[Collected data]
⟨
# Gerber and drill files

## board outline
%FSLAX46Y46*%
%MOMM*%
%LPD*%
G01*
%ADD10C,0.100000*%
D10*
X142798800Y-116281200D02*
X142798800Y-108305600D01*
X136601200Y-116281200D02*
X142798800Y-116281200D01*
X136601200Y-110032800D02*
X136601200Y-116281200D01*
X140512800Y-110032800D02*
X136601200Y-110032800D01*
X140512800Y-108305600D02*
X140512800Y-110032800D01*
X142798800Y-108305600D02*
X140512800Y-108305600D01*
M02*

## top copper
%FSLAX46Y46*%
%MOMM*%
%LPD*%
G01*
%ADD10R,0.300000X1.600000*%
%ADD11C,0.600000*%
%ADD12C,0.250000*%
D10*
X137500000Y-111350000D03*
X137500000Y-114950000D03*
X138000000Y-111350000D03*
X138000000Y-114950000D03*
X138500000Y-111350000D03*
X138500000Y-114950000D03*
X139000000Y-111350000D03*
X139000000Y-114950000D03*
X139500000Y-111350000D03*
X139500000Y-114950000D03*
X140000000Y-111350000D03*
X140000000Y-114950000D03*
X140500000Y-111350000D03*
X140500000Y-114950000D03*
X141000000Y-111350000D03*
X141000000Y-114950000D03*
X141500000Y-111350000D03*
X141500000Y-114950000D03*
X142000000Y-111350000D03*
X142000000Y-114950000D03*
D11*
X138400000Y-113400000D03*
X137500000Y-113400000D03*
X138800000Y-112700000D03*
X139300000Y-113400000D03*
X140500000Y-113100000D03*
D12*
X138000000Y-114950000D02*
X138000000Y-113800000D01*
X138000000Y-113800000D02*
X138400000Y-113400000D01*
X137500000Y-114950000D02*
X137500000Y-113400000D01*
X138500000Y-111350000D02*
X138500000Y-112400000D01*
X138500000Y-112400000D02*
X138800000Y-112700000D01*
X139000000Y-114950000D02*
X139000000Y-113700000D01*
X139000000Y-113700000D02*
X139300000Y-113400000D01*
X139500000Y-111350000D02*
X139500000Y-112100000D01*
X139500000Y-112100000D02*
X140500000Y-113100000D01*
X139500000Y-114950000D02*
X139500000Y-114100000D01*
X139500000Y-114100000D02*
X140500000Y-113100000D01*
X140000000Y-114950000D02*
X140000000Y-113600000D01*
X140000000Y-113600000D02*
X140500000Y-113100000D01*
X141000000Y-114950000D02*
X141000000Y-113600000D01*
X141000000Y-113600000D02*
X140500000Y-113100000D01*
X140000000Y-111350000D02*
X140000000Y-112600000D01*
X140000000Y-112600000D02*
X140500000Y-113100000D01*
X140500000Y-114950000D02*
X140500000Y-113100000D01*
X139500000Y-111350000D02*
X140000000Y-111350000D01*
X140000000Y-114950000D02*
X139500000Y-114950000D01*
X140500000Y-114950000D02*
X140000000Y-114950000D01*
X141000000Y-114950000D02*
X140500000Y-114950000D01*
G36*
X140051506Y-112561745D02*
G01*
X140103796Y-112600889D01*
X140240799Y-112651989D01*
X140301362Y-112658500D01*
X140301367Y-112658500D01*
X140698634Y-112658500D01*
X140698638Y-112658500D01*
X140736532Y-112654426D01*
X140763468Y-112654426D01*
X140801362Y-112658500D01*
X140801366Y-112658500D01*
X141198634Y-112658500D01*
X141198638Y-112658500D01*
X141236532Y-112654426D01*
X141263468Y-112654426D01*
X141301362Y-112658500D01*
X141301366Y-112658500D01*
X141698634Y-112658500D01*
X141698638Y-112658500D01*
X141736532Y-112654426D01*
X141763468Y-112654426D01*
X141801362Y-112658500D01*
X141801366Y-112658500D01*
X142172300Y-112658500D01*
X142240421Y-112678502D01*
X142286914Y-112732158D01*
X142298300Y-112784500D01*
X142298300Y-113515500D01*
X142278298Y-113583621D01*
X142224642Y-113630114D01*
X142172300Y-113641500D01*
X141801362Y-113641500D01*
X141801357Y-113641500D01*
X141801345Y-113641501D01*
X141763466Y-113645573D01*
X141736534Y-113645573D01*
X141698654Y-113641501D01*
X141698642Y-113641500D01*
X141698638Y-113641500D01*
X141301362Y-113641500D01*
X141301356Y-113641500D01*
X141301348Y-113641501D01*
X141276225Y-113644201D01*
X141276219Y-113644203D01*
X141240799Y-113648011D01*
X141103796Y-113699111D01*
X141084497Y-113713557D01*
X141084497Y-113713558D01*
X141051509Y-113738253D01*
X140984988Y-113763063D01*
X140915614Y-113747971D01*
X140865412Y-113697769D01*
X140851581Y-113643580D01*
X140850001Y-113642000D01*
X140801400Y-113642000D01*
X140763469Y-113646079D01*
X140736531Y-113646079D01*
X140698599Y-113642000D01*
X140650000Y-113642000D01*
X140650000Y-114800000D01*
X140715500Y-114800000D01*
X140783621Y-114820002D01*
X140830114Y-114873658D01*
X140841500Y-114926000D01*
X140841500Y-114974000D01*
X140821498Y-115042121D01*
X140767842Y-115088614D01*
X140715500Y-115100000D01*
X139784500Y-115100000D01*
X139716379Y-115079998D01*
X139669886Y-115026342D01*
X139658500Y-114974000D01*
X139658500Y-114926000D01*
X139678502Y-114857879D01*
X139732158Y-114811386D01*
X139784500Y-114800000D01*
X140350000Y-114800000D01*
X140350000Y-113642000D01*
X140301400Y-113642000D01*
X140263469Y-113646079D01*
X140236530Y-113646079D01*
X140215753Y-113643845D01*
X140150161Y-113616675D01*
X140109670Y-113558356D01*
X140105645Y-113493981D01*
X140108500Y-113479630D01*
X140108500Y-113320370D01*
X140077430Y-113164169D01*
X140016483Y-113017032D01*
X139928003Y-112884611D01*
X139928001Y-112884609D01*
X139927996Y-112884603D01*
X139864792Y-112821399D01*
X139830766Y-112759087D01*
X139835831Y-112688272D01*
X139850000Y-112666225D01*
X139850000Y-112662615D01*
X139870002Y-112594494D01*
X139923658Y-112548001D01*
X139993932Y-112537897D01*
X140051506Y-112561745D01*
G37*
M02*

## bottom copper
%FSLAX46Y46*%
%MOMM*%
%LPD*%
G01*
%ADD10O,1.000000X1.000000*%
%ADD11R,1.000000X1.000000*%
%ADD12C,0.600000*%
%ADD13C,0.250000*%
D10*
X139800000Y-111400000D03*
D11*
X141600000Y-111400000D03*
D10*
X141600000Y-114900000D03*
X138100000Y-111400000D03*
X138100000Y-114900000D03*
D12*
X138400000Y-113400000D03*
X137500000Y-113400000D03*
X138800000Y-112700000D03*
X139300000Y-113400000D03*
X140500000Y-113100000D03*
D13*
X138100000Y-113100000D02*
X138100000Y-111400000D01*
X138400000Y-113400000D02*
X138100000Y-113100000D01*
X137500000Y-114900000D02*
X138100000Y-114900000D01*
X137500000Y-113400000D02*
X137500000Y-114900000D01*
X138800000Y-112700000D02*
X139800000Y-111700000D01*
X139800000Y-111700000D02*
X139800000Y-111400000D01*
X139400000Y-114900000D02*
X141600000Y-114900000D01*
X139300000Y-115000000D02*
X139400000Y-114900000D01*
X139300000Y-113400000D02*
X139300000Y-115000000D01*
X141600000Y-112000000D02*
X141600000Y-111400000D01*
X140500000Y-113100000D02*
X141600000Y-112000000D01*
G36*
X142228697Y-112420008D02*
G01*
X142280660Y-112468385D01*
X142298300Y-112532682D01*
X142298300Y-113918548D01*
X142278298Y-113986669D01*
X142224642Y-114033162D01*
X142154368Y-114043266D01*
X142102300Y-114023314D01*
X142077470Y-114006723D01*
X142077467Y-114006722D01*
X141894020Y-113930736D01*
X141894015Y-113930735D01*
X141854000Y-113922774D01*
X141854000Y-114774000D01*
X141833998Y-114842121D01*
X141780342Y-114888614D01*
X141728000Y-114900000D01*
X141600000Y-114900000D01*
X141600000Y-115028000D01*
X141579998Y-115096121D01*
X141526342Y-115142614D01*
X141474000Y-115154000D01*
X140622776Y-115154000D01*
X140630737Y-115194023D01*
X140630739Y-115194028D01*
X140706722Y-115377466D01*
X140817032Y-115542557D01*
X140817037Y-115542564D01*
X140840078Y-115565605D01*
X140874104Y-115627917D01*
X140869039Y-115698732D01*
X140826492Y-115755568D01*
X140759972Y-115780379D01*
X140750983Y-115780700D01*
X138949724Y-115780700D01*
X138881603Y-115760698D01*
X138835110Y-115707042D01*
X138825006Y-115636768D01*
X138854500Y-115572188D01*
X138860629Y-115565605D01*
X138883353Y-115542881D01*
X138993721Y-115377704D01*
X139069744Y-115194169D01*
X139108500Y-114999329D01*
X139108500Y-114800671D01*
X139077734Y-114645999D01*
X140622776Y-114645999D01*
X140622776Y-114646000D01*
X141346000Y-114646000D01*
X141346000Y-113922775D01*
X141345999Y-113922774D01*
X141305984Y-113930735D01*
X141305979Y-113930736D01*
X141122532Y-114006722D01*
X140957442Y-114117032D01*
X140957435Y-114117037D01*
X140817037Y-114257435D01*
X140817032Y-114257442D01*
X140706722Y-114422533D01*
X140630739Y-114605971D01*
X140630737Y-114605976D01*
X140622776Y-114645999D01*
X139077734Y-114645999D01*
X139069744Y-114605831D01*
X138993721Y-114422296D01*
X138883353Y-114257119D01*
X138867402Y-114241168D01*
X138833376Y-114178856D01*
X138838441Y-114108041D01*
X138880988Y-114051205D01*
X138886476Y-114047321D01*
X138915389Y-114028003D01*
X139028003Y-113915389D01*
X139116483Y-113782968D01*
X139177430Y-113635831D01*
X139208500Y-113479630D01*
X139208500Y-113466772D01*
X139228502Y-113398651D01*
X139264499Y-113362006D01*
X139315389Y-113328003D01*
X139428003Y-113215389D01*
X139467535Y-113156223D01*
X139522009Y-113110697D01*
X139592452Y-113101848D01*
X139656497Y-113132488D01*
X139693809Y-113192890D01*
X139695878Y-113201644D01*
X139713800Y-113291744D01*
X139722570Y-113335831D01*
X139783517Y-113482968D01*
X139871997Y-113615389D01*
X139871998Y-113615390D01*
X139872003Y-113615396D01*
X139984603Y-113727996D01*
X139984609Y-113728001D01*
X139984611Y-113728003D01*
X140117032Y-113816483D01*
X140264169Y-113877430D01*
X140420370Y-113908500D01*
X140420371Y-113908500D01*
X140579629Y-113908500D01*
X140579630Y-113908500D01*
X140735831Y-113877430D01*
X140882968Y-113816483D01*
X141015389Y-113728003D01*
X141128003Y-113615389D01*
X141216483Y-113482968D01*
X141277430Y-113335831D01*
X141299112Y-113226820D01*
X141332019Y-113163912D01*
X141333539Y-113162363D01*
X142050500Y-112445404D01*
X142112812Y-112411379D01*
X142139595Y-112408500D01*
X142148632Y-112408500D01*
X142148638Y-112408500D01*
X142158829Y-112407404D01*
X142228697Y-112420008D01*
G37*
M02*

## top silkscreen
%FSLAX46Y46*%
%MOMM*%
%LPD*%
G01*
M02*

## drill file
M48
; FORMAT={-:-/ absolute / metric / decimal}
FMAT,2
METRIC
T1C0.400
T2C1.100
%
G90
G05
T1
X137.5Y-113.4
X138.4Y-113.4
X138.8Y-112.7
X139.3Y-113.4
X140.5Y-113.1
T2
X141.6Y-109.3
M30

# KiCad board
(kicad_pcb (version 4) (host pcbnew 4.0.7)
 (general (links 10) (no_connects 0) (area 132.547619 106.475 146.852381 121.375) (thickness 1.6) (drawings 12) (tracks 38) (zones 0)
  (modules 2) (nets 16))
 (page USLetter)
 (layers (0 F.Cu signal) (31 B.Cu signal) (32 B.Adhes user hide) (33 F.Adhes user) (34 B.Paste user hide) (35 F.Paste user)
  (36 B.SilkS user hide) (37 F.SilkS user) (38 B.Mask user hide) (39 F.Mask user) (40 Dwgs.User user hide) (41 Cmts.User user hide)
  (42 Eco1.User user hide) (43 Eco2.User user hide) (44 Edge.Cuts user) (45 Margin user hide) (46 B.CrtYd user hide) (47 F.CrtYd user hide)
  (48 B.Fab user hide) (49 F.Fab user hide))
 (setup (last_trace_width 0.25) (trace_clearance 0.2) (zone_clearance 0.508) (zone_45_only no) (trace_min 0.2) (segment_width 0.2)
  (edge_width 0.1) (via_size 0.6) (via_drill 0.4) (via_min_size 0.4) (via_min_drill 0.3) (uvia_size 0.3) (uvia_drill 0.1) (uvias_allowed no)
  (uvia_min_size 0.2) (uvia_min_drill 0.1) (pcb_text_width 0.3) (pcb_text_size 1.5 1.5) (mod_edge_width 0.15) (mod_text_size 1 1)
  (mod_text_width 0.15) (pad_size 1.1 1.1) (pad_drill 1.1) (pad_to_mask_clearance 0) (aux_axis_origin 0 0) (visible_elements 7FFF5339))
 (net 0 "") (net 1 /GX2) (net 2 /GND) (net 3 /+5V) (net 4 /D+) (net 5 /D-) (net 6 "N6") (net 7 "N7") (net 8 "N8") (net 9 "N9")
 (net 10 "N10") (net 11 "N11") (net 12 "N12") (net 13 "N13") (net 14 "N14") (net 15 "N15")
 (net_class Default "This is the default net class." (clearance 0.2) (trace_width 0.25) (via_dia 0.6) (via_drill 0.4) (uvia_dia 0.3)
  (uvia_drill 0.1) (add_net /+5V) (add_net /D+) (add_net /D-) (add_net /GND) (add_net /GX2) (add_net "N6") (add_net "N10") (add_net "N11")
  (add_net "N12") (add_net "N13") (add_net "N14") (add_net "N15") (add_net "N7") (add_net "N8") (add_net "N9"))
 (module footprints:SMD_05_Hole (layer B.Cu) (at 139.6 113.9)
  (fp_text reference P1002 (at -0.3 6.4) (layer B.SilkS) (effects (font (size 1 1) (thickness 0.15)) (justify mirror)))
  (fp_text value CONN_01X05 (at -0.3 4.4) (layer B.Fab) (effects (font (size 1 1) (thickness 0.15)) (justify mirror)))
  (pad 5 smd oval (at 0.2 -2.5) (size 1 1) (layers B.Cu B.Paste B.Mask) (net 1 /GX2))
  (pad 1 smd rect (at 2 -2.5) (size 1 1) (layers B.Cu B.Paste B.Mask) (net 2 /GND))
  (pad 2 smd oval (at 2 1) (size 1 1) (layers B.Cu B.Paste B.Mask) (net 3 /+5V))
  (pad 3 smd oval (at -1.5 -2.5) (size 1 1) (layers B.Cu B.Paste B.Mask) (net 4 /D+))
  (pad 4 smd oval (at -1.5 1) (size 1 1) (layers B.Cu B.Paste B.Mask) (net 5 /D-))
  (pad "" np_thru_hole circle (at 2 -4.6) (size 1.1 1.1) (drill 1.1) (layers *.Cu *.Mask B.SilkS)))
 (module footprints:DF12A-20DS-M (layer F.Cu) (at 139.7 107.95)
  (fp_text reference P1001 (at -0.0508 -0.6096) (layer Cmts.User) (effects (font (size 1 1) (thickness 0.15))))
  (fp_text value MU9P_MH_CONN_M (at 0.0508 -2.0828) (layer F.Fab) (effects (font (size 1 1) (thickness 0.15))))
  (pad 1 smd rect (at -2.2 3.4) (size 0.3 1.6) (layers F.Cu F.Paste F.Mask) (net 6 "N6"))
  (pad 2 smd rect (at -2.2 7) (size 0.3 1.6) (layers F.Cu F.Paste F.Mask) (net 5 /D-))
  (pad 3 smd rect (at -1.7 3.4) (size 0.3 1.6) (layers F.Cu F.Paste F.Mask) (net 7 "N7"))
  (pad 4 smd rect (at -1.7 7) (size 0.3 1.6) (layers F.Cu F.Paste F.Mask) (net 4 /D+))
  (pad 5 smd rect (at -1.2 3.4) (size 0.3 1.6) (layers F.Cu F.Paste F.Mask) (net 1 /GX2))
  (pad 6 smd rect (at -1.2 7) (size 0.3 1.6) (layers F.Cu F.Paste F.Mask) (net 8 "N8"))
  (pad 7 smd rect (at -0.7 3.4) (size 0.3 1.6) (layers F.Cu F.Paste F.Mask) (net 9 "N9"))
  (pad 8 smd rect (at -0.7 7) (size 0.3 1.6) (layers F.Cu F.Paste F.Mask) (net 3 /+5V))
  (pad 9 smd rect (at -0.2 3.4) (size 0.3 1.6) (layers F.Cu F.Paste F.Mask) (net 2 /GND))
⟩
How many of the lines in the records include the string "footprints"? Reply with the number alone.

2